■ GIVEN RECORDS

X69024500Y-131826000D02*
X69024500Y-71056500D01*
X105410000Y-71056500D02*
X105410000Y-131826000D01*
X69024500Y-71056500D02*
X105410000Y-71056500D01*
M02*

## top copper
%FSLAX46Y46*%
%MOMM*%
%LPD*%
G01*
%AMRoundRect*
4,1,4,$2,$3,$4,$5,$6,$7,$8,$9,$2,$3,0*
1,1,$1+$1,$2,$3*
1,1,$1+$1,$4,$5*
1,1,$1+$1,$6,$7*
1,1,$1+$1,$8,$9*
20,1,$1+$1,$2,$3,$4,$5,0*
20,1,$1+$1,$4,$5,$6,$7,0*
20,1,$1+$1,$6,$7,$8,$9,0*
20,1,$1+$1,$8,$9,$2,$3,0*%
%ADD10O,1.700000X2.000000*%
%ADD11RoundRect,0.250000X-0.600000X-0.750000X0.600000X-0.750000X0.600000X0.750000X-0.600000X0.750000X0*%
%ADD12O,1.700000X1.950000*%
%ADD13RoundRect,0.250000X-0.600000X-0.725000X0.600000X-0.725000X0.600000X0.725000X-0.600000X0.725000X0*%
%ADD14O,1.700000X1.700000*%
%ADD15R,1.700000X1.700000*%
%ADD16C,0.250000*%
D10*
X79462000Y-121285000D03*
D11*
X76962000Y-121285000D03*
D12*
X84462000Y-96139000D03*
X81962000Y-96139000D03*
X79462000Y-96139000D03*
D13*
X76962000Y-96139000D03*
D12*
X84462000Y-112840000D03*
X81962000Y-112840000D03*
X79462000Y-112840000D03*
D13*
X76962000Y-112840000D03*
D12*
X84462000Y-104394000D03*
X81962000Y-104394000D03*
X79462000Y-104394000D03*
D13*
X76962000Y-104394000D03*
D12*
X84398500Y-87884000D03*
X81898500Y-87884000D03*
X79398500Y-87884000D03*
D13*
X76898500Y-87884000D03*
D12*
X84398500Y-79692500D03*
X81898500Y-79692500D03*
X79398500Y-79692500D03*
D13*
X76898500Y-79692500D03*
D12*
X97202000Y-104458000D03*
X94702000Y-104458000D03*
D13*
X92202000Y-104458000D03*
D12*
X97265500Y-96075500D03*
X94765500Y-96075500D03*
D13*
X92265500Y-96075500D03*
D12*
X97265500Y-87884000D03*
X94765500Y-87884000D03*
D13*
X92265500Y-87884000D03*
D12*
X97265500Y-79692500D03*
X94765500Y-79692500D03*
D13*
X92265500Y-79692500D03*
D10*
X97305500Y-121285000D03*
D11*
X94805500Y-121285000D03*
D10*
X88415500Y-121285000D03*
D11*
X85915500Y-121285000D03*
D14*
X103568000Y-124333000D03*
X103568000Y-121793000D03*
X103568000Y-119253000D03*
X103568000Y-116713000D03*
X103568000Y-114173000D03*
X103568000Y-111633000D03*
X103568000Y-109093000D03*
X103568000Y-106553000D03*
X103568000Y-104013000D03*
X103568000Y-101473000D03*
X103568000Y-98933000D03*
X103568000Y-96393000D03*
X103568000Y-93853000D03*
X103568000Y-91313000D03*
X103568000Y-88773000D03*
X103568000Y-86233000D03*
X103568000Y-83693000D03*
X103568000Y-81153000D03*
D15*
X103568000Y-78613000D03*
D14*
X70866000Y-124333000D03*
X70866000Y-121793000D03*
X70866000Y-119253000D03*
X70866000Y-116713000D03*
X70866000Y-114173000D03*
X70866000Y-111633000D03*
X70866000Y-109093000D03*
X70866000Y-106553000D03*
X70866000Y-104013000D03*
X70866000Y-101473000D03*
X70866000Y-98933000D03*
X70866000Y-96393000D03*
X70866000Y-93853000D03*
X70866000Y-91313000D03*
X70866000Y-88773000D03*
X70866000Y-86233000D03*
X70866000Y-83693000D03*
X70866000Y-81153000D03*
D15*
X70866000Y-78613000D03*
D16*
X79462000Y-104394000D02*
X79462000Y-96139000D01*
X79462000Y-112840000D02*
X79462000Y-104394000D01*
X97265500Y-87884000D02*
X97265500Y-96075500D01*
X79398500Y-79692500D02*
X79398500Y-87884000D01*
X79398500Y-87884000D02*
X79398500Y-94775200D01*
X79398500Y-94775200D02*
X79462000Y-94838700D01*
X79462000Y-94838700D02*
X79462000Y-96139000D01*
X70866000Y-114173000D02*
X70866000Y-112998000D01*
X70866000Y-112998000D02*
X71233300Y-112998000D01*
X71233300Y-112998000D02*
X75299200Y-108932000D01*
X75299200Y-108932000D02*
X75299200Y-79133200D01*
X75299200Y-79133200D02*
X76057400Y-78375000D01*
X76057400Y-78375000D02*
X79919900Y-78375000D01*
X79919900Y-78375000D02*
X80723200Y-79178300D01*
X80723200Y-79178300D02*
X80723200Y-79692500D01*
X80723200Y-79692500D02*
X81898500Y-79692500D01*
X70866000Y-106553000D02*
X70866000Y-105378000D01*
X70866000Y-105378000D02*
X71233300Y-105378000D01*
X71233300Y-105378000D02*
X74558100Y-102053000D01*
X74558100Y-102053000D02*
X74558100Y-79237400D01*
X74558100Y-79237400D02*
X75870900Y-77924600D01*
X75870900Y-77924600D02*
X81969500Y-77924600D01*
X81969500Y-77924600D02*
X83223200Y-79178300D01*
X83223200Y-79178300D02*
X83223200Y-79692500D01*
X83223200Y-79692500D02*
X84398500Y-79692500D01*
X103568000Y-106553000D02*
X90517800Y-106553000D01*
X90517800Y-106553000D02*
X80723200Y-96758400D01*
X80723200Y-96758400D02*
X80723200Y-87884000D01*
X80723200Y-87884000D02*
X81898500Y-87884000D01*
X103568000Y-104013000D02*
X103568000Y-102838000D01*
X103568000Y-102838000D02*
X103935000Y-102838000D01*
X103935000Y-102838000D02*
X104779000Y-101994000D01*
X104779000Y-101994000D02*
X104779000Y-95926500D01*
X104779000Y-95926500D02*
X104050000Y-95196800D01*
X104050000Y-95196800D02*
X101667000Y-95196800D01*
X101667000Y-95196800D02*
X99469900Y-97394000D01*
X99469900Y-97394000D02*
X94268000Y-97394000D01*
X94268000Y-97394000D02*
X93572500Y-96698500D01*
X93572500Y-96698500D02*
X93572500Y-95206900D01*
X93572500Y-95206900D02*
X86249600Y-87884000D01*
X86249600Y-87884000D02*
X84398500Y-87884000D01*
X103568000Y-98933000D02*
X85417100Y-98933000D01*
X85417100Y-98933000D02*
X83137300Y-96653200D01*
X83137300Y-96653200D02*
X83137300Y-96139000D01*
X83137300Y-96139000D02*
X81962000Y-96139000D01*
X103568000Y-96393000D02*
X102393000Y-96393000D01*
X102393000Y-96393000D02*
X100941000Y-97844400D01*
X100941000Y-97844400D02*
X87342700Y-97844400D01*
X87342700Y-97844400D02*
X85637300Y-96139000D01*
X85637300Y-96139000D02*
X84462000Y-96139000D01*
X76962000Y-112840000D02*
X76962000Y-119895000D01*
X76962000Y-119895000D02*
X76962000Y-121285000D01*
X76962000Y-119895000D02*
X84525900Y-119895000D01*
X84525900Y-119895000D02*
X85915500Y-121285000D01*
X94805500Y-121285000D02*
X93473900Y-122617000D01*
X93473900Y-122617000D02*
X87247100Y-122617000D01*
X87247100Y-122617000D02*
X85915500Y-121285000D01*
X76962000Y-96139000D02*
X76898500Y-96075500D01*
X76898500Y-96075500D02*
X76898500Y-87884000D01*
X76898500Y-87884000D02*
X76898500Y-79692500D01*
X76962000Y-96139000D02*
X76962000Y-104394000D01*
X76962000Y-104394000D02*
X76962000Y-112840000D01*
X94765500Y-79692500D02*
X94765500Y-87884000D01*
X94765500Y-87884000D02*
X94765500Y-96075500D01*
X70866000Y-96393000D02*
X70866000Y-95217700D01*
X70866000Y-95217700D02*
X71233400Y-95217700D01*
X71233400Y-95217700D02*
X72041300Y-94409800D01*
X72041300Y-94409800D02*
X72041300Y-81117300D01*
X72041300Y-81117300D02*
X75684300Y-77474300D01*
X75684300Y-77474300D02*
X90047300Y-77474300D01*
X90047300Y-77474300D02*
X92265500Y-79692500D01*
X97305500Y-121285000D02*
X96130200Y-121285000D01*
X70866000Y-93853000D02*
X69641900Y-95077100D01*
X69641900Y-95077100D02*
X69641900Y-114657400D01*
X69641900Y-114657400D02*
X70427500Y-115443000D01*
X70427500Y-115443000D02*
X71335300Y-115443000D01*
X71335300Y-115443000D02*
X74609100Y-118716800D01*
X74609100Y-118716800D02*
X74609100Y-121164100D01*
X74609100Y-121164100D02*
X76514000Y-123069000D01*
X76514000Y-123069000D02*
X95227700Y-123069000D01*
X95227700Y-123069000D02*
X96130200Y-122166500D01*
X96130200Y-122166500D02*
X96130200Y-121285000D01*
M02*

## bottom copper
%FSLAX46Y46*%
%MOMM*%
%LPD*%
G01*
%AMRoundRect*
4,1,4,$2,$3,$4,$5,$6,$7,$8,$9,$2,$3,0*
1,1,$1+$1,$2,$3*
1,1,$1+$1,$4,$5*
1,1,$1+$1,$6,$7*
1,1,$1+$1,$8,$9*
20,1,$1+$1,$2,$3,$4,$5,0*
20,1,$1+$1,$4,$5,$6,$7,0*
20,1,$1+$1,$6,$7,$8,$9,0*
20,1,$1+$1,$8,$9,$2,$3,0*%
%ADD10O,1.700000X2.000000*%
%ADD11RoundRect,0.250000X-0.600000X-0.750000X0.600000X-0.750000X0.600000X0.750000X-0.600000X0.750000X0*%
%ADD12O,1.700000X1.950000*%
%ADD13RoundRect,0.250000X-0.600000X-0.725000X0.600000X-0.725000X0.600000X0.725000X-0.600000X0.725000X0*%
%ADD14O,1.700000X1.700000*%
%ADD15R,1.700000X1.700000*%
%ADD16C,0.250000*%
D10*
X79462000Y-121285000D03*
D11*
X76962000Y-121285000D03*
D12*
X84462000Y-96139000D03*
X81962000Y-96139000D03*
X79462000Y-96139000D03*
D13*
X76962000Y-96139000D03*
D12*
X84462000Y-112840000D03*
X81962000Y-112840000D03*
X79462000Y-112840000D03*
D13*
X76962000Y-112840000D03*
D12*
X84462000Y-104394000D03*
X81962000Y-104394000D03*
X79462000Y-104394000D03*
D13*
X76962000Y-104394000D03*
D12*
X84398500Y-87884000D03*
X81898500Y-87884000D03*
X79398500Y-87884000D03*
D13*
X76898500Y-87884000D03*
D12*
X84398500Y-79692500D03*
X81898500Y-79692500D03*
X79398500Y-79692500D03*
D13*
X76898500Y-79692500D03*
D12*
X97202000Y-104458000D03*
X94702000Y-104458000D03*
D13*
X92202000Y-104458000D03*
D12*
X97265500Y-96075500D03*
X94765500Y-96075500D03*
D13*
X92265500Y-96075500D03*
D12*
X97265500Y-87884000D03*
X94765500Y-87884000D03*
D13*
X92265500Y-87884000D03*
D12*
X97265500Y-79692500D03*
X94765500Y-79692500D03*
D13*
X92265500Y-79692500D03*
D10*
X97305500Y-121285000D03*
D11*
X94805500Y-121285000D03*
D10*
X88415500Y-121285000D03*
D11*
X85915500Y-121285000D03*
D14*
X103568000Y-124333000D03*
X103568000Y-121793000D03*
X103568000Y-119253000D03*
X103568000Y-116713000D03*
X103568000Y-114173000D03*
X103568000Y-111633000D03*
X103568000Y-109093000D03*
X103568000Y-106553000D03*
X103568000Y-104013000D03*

* * *

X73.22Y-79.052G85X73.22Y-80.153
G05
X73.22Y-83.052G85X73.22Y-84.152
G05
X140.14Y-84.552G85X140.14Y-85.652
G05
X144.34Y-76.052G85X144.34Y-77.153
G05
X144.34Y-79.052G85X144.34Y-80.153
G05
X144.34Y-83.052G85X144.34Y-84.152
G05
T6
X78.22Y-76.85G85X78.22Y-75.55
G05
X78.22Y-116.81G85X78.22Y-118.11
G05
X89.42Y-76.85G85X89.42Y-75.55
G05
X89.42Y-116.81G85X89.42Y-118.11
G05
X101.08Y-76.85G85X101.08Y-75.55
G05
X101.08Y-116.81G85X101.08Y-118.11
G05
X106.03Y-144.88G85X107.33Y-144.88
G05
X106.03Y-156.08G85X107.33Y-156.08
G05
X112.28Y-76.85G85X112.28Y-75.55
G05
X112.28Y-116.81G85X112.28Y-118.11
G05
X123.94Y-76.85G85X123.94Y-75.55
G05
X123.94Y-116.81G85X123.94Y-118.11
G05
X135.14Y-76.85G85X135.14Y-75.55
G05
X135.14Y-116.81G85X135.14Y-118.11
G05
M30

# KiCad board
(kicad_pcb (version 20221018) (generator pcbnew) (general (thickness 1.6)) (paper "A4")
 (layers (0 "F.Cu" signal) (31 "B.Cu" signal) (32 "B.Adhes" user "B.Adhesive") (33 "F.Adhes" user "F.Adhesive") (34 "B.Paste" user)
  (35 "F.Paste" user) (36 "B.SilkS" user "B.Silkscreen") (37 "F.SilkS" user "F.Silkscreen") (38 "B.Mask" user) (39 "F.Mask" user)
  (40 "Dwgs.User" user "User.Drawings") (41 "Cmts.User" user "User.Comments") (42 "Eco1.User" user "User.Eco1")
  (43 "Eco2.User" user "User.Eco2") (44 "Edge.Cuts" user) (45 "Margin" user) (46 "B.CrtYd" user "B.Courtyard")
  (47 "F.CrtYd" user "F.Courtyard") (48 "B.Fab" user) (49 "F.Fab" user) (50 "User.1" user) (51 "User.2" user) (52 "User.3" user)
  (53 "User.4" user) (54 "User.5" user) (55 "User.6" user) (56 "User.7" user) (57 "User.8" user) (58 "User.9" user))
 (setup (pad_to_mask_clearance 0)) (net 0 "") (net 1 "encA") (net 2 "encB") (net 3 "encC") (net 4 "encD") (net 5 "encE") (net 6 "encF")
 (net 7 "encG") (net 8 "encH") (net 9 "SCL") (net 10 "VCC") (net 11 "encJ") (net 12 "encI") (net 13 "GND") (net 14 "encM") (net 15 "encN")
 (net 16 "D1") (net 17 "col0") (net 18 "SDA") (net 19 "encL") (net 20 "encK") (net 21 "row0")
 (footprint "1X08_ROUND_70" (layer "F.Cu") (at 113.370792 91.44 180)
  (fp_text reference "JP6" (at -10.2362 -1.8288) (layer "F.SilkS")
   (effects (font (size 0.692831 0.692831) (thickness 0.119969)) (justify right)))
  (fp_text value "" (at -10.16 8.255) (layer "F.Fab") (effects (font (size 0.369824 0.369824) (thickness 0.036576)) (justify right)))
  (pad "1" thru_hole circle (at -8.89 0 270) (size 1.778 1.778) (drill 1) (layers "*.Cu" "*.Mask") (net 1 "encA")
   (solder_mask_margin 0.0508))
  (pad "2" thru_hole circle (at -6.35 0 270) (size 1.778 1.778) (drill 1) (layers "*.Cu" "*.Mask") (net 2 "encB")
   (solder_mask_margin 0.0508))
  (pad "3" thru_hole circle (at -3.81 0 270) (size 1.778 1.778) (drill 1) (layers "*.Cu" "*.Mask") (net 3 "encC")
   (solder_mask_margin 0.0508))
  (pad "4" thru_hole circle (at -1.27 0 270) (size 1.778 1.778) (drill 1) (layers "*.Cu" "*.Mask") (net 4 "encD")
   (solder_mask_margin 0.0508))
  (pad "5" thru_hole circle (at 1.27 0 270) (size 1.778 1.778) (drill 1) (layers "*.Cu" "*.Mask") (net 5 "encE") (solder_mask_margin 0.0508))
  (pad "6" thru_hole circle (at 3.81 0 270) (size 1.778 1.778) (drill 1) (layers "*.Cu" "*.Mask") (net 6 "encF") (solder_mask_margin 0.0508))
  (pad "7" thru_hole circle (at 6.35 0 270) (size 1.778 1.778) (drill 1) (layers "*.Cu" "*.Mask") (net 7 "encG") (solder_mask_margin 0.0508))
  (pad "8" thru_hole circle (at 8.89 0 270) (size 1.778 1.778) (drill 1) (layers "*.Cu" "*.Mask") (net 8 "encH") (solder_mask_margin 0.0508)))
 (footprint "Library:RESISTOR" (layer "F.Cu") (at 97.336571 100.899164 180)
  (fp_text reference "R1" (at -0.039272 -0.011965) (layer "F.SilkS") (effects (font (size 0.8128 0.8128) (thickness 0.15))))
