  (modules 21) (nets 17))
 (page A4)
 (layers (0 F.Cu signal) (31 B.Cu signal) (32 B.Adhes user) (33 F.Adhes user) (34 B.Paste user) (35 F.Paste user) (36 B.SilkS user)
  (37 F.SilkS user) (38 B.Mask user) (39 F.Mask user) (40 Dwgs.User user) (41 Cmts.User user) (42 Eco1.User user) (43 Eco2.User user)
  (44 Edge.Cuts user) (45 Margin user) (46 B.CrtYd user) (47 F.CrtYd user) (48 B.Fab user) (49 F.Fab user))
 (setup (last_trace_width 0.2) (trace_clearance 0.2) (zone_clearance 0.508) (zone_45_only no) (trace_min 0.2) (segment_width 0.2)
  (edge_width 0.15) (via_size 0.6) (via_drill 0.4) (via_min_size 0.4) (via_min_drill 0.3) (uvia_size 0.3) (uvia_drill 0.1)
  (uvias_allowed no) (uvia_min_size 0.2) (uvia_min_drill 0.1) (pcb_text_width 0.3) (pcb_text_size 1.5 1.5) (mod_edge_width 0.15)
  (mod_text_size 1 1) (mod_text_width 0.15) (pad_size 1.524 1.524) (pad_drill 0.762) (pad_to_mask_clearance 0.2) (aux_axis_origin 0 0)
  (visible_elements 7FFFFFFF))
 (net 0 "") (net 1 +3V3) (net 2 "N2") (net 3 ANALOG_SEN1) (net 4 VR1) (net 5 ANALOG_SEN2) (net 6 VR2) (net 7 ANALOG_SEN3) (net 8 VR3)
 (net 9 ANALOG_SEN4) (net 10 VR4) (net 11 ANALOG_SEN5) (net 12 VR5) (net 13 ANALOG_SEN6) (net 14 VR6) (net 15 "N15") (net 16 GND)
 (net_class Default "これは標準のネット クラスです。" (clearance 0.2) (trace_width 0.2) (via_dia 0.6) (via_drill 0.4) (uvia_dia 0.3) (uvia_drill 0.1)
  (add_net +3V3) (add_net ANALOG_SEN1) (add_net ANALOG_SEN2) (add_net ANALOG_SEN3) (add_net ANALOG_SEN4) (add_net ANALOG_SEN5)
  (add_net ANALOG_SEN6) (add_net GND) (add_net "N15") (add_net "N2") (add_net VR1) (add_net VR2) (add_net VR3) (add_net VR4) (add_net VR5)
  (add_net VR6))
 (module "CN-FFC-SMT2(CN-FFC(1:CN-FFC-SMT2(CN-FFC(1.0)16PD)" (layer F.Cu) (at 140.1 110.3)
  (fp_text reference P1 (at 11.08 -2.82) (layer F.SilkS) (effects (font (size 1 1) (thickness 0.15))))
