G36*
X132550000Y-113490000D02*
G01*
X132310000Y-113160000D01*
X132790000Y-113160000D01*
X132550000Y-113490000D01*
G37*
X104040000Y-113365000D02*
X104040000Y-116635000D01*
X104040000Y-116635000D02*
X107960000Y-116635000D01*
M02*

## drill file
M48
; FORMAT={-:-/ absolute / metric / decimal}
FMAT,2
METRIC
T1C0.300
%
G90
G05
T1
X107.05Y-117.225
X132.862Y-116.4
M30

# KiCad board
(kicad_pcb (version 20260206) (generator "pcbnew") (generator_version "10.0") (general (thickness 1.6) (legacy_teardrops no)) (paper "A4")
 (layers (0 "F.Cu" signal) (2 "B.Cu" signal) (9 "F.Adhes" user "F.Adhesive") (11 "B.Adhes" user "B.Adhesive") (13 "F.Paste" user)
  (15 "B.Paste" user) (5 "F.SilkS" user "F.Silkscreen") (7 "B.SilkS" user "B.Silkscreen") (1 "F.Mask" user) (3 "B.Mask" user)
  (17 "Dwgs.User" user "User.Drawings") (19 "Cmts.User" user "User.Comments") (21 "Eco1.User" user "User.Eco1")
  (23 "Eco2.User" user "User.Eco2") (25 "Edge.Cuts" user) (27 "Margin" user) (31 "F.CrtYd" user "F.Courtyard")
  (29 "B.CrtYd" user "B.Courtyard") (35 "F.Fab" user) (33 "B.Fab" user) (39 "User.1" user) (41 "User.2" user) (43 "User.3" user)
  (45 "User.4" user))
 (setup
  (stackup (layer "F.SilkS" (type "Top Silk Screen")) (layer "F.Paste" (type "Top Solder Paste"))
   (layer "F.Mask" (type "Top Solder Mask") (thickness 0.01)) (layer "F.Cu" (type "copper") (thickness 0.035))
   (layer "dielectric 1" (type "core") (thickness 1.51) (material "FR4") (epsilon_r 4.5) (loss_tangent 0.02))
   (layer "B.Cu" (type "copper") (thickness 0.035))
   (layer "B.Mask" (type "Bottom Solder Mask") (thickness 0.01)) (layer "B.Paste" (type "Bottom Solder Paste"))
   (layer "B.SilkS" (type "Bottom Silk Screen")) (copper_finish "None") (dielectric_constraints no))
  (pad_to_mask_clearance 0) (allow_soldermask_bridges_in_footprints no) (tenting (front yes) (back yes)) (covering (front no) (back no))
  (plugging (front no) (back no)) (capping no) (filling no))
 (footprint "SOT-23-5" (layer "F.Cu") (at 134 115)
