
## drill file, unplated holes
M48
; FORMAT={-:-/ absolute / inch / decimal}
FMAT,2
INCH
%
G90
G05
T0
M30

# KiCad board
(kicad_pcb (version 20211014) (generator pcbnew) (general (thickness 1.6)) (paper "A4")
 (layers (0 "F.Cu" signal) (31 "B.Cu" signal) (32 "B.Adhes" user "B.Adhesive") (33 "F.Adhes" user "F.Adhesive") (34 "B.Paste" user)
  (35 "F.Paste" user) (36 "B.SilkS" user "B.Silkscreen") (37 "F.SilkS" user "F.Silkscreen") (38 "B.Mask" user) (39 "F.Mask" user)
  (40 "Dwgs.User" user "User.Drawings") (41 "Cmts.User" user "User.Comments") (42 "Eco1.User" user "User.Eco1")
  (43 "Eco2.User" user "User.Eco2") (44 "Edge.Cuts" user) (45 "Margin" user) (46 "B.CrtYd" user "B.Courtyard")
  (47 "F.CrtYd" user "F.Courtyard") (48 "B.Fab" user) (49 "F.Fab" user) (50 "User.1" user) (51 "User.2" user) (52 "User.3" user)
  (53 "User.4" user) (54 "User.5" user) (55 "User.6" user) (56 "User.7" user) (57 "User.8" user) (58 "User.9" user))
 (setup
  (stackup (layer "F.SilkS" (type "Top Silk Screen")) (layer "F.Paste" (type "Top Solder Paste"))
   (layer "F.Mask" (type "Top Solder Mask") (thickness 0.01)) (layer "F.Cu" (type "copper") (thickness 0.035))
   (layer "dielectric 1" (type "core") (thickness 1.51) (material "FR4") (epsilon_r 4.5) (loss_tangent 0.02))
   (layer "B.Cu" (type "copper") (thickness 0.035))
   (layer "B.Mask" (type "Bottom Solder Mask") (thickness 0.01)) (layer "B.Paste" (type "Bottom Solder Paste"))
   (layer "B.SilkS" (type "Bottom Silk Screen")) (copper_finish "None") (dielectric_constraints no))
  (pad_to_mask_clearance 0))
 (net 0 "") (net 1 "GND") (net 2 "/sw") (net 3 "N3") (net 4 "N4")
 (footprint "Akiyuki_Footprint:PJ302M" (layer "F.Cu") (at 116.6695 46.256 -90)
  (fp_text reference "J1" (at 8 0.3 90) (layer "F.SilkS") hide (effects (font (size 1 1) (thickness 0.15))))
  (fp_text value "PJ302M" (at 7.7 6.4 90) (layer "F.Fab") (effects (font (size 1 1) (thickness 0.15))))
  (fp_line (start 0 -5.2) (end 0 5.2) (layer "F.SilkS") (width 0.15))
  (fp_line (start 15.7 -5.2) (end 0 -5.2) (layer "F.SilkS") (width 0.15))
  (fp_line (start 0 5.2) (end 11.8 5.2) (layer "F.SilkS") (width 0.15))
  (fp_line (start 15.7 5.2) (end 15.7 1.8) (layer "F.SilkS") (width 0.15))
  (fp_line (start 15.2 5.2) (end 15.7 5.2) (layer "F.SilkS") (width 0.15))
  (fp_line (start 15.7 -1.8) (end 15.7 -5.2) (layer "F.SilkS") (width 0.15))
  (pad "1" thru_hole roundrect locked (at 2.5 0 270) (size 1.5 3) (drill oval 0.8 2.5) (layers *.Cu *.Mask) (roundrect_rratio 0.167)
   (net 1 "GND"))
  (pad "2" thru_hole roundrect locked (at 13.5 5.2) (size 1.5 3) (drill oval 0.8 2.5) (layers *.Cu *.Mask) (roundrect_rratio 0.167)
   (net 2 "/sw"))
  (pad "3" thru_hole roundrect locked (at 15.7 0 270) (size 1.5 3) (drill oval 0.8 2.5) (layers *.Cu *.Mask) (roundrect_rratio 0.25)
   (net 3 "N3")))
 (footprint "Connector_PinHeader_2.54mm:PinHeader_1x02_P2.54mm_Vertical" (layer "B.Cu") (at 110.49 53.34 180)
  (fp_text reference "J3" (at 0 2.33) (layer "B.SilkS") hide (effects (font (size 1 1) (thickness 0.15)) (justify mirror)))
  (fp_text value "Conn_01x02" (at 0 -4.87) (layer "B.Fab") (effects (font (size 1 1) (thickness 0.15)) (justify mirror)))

■ THE TASK
Return only the number of lines in the records above that include the string "paper".

■ COMPLETED TASK
3